#### [Work item]
Of the lines in the data below, write out exactly those from the one holding "X159254735Y-118585500D01*" through the one holding "X168458657Y-118168525D01*", both included.

Stored items
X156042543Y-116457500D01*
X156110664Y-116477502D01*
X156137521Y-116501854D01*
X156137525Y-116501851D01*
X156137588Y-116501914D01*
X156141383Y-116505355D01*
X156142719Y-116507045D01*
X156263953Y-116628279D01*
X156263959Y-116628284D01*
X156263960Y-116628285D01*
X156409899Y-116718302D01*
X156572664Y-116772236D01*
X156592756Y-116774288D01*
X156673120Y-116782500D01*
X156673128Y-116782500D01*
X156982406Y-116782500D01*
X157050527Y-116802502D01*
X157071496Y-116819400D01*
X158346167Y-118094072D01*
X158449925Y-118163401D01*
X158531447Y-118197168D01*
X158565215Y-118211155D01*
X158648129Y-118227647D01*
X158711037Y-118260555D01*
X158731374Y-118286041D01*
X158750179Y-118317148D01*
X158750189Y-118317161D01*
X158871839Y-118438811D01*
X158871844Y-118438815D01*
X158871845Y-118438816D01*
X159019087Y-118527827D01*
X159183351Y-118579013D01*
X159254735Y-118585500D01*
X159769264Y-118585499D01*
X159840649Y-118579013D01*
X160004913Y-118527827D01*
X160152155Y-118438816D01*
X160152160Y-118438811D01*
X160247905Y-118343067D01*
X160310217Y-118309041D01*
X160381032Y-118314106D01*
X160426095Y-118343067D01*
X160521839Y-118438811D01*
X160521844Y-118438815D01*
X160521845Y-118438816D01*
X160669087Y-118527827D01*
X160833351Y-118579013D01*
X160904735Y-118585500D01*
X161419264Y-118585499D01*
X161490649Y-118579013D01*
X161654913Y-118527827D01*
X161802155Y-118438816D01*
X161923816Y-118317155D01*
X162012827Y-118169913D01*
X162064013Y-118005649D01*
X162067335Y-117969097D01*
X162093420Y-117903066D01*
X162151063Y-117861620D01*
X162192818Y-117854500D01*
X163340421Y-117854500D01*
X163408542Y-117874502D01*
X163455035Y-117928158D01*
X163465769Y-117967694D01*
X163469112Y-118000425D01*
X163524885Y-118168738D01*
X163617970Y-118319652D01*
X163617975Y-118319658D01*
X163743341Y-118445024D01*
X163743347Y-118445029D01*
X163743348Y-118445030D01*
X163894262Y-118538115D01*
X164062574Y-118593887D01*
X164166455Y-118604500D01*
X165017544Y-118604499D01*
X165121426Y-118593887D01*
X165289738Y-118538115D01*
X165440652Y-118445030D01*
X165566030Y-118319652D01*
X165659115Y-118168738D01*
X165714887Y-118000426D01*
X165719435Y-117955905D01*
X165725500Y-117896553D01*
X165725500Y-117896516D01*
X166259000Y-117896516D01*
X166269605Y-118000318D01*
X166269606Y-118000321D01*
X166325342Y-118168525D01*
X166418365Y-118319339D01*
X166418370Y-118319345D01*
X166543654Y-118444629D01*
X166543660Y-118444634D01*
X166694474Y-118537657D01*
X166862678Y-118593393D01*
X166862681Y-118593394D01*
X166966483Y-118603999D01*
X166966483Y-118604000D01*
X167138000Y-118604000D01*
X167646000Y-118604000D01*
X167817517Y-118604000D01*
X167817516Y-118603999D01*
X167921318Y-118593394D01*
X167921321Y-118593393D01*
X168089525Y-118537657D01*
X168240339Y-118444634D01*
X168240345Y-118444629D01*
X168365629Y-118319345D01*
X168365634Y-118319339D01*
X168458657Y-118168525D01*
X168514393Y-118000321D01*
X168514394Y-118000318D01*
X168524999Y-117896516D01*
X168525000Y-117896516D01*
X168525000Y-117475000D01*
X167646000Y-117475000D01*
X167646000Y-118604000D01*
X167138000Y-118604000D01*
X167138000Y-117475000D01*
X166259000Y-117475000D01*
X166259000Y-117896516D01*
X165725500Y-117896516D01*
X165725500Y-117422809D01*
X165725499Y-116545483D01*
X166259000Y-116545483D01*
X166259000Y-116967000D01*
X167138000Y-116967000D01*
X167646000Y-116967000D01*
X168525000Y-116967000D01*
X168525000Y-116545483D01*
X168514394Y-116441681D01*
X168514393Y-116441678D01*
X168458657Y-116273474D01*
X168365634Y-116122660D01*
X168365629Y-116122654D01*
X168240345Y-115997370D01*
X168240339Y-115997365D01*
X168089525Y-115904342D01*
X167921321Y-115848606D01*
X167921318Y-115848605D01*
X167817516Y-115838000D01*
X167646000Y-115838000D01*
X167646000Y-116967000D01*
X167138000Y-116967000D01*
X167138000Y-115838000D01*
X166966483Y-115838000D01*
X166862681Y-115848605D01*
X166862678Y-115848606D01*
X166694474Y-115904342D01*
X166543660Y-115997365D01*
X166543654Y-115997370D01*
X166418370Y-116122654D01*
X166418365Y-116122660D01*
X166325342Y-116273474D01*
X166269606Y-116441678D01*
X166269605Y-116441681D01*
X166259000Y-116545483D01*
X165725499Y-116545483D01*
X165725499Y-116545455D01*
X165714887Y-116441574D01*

#### [Expected answer]
X159254735Y-118585500D01*
X159769264Y-118585499D01*
X159840649Y-118579013D01*
X160004913Y-118527827D01*
X160152155Y-118438816D01*
X160152160Y-118438811D01*
X160247905Y-118343067D01*
X160310217Y-118309041D01*
X160381032Y-118314106D01*
X160426095Y-118343067D01*
X160521839Y-118438811D01*
X160521844Y-118438815D01*
X160521845Y-118438816D01*
X160669087Y-118527827D01*
X160833351Y-118579013D01*
X160904735Y-118585500D01*
X161419264Y-118585499D01*
X161490649Y-118579013D01*
X161654913Y-118527827D01*
X161802155Y-118438816D01*
X161923816Y-118317155D01*
X162012827Y-118169913D01*
X162064013Y-118005649D01*
X162067335Y-117969097D01*
X162093420Y-117903066D01*
X162151063Y-117861620D01*
X162192818Y-117854500D01*
X163340421Y-117854500D01*
X163408542Y-117874502D01*
X163455035Y-117928158D01*
X163465769Y-117967694D01*
X163469112Y-118000425D01*
X163524885Y-118168738D01*
X163617970Y-118319652D01*
X163617975Y-118319658D01*
X163743341Y-118445024D01*
X163743347Y-118445029D01*
X163743348Y-118445030D01*
X163894262Y-118538115D01*
X164062574Y-118593887D01*
X164166455Y-118604500D01*
X165017544Y-118604499D01*
X165121426Y-118593887D01*
X165289738Y-118538115D01*
X165440652Y-118445030D01*
X165566030Y-118319652D01*
X165659115Y-118168738D01*
X165714887Y-118000426D01*
X165719435Y-117955905D01*
X165725500Y-117896553D01*
X165725500Y-117896516D01*
X166259000Y-117896516D01*
X166269605Y-118000318D01*
X166269606Y-118000321D01*
X166325342Y-118168525D01*
X166418365Y-118319339D01*
X166418370Y-118319345D01*
X166543654Y-118444629D01*
X166543660Y-118444634D01*
X166694474Y-118537657D01*
X166862678Y-118593393D01*
X166862681Y-118593394D01*
X166966483Y-118603999D01*
X166966483Y-118604000D01*
X167138000Y-118604000D01*
X167646000Y-118604000D01*
X167817517Y-118604000D01*
X167817516Y-118603999D01*
X167921318Y-118593394D01*
X167921321Y-118593393D01*
X168089525Y-118537657D01*
X168240339Y-118444634D01*
X168240345Y-118444629D01*
X168365629Y-118319345D01*
X168365634Y-118319339D01*
X168458657Y-118168525D01*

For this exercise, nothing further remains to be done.